My Sister’s Secret Diary: A Discovery That Changed Everything
MY SISTER LEFT HER DIARY OPEN ON MY BED LAST NIGHT.
I was folding laundry when I saw it — the cracked leather journal lying face down on my comforter, pages slightly bent. I picked it up, and that’s when I felt it: the sticky note on the back, her handwriting scrawled in blue ink, “READ ME.” My hands shook as I flipped it open, the smell of her vanilla lotion clinging to the paper.
The first sentence hit me like a punch: “I don’t know how much longer I can pretend everything’s fine.” I kept reading, my heart pounding louder with every word. She wrote about the sleepless nights, the panic attacks in her car, the way she’d been hiding it all from me. I felt the burn of tears building, but I couldn’t stop. Then I reached the line, *“I think about driving into the lake every time I pass it on my way home.”*
I ran to her room, the diary still in my hand, and she was sitting on the edge of her bed, staring at the wall. “Why didn’t you tell me?” I choked out. She looked at me, her eyes red and hollow, and whispered, “Because I didn’t want to break you too.”
Then I heard the front door creak open — and it wasn’t our mom’s key in the lock.
👇 *Full story continued in the comments…*I rushed to the window, the diary clutched to my chest. A figure, tall and cloaked, was making their way up our driveway. The late afternoon sun glinted off the hood of their coat, obscuring their face. Panic seized me. This wasn’t a neighbor. It wasn’t anyone I recognized.
“Who… who is that?” I stammered, turning back to my sister. She didn’t answer, her gaze fixed on the approaching figure. Her face was pale, her body rigid.
Suddenly, she bolted past me, shoving me aside with surprising strength. “No!” she screamed, racing towards the front door, her voice raw with desperation. “You can’t let them in!”
I scrambled after her, dropping the diary in my haste. The cloaked figure was already on the porch, their hand raised, poised to knock.
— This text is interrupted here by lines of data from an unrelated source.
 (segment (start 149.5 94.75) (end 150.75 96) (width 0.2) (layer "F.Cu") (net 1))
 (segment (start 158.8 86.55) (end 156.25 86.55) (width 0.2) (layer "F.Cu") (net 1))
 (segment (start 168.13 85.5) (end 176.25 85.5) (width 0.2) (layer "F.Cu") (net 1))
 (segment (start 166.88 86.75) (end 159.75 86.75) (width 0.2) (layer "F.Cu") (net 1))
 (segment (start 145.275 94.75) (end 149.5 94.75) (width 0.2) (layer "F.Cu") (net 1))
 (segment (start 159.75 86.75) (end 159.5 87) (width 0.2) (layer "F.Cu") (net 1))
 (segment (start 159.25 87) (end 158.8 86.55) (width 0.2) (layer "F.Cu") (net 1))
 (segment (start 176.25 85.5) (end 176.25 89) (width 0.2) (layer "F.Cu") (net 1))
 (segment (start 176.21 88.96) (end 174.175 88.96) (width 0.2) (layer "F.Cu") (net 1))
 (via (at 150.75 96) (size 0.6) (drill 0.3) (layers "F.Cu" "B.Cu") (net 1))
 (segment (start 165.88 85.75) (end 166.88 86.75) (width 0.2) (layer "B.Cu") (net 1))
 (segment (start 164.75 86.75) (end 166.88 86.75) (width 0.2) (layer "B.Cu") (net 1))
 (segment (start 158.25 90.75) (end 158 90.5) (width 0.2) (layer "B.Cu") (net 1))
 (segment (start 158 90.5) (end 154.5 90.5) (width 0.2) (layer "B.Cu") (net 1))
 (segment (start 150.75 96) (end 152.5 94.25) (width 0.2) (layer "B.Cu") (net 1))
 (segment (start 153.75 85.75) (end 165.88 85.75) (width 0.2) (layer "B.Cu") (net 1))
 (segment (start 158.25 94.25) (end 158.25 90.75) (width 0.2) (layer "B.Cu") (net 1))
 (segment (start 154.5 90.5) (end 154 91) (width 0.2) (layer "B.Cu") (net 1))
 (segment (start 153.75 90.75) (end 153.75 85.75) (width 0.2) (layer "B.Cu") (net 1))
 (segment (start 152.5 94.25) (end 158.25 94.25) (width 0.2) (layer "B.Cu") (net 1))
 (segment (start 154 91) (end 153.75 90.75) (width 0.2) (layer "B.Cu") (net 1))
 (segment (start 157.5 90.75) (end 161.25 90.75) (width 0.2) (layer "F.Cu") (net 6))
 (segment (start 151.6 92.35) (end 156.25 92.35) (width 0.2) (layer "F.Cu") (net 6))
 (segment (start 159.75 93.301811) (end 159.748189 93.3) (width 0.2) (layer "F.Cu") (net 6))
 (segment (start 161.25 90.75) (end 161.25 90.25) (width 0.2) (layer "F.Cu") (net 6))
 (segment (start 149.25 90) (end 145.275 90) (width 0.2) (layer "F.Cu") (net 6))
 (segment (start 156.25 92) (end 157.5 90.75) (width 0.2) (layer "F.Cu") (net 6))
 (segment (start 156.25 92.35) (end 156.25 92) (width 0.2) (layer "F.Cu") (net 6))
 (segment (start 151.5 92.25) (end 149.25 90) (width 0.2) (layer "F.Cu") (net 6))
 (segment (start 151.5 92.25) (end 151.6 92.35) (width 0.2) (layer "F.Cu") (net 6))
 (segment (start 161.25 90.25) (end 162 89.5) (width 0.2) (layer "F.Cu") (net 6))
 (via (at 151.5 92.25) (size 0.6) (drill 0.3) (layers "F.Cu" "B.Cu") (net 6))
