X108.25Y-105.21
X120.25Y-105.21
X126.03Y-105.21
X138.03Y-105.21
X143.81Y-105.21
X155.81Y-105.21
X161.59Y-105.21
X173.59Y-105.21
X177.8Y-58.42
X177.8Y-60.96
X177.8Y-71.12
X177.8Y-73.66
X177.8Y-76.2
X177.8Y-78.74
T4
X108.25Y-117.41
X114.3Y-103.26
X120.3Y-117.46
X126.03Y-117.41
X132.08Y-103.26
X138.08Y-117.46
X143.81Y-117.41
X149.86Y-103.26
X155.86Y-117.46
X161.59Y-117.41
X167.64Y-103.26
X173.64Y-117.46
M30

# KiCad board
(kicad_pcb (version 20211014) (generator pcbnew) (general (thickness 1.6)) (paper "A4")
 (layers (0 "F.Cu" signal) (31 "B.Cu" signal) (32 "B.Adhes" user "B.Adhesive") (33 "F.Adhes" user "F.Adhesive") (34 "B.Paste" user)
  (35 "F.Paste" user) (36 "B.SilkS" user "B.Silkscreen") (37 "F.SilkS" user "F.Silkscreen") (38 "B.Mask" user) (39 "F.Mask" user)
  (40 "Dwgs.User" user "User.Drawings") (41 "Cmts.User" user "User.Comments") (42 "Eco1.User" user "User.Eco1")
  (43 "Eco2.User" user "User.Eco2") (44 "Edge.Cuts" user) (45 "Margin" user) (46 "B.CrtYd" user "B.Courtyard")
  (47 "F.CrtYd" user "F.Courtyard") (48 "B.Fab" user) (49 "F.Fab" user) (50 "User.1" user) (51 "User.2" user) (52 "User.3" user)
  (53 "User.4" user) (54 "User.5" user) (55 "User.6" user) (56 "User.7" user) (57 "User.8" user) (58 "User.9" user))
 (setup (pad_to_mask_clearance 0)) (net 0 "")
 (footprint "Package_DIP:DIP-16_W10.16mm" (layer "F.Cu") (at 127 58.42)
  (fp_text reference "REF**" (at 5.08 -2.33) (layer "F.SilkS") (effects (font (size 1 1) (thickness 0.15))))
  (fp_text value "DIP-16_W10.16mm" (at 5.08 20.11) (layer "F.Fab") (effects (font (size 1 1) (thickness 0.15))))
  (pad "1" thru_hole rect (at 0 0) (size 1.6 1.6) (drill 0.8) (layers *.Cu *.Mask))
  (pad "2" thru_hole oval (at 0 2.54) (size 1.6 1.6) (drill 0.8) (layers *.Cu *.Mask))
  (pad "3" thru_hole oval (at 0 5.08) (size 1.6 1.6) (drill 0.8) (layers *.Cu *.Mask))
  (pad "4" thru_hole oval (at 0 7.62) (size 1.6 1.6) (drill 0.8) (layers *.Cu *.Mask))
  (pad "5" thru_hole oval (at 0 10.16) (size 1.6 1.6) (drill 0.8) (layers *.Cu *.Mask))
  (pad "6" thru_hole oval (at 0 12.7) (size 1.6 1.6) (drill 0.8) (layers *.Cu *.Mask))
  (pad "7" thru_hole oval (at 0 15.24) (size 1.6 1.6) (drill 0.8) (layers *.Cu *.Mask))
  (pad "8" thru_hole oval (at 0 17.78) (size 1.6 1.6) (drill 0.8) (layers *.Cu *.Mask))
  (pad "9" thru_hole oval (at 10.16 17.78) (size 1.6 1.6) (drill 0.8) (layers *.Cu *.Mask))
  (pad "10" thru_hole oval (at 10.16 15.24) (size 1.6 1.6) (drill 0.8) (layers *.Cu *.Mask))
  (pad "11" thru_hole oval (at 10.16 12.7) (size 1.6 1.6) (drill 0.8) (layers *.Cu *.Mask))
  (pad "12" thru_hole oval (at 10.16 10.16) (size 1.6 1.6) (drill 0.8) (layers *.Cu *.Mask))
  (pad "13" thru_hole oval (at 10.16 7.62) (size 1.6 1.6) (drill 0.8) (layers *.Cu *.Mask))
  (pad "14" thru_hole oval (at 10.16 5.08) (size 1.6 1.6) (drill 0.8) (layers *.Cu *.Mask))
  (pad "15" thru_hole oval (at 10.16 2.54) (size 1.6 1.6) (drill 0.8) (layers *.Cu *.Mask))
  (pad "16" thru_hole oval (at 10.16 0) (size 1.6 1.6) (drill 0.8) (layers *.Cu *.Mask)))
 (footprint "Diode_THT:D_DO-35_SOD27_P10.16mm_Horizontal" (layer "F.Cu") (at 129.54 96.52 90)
My sister threw herself against the door, but the figure was already there, and pushed, the door slamming shut.
The cloaked person wasn’t at all friendly, shoving her against the wall as they tried to enter the house.
I grabbed a nearby umbrella and struck them with all my might.
“Get out of here!” I yelled, trying to make as much noise as possible as my sister started to run towards the phone.
The figure stumbled back, surprised, and with a chilling hiss, they vanished in a puff of black smoke. The air filled with the stench of sulfur.
I ran to my sister, who was crying on the floor.
“What… what was that?” I whispered, my voice trembling.
She looked at me, a mix of fear and relief in her eyes. “The Collectors,” she whispered. “They come for those who… who want to leave. Those who give in to the darkness.”
I helped her up, my mind reeling. Collectors? Darkness? It sounded like something out of a horror movie, but the reality was now undeniable. I looked at the diary, lying open on the floor, the pages stained with her tears.
“They knew,” I said, the realization hitting me like a physical blow. “They knew you were struggling.”
She nodded, her face etched with a haunted sadness. “I’ve been feeling the pull, the desire, but they… they can sense it. They feed on it.”
Suddenly, the door began to rattle. The faint scratching, a quiet and very unwelcome sound.
We locked the door, the window, the garage, anything that could have helped someone enter the house, and went back to her room, and huddled together, my arm wrapped around her. I picked up her diary, its pages no longer a source of forbidden secrets, but a map, a plea, a lifeline.
“We’re not alone,” I said, my voice filled with a new kind of determination. “We’ll fight this together.”
The scratching at the door continued, but this time, I didn’t feel the crushing weight of helplessness. I knew what we were up against, and I knew, with a certainty that surprised even myself, that we would survive this. We would fight. And somehow, against all odds, we would be okay.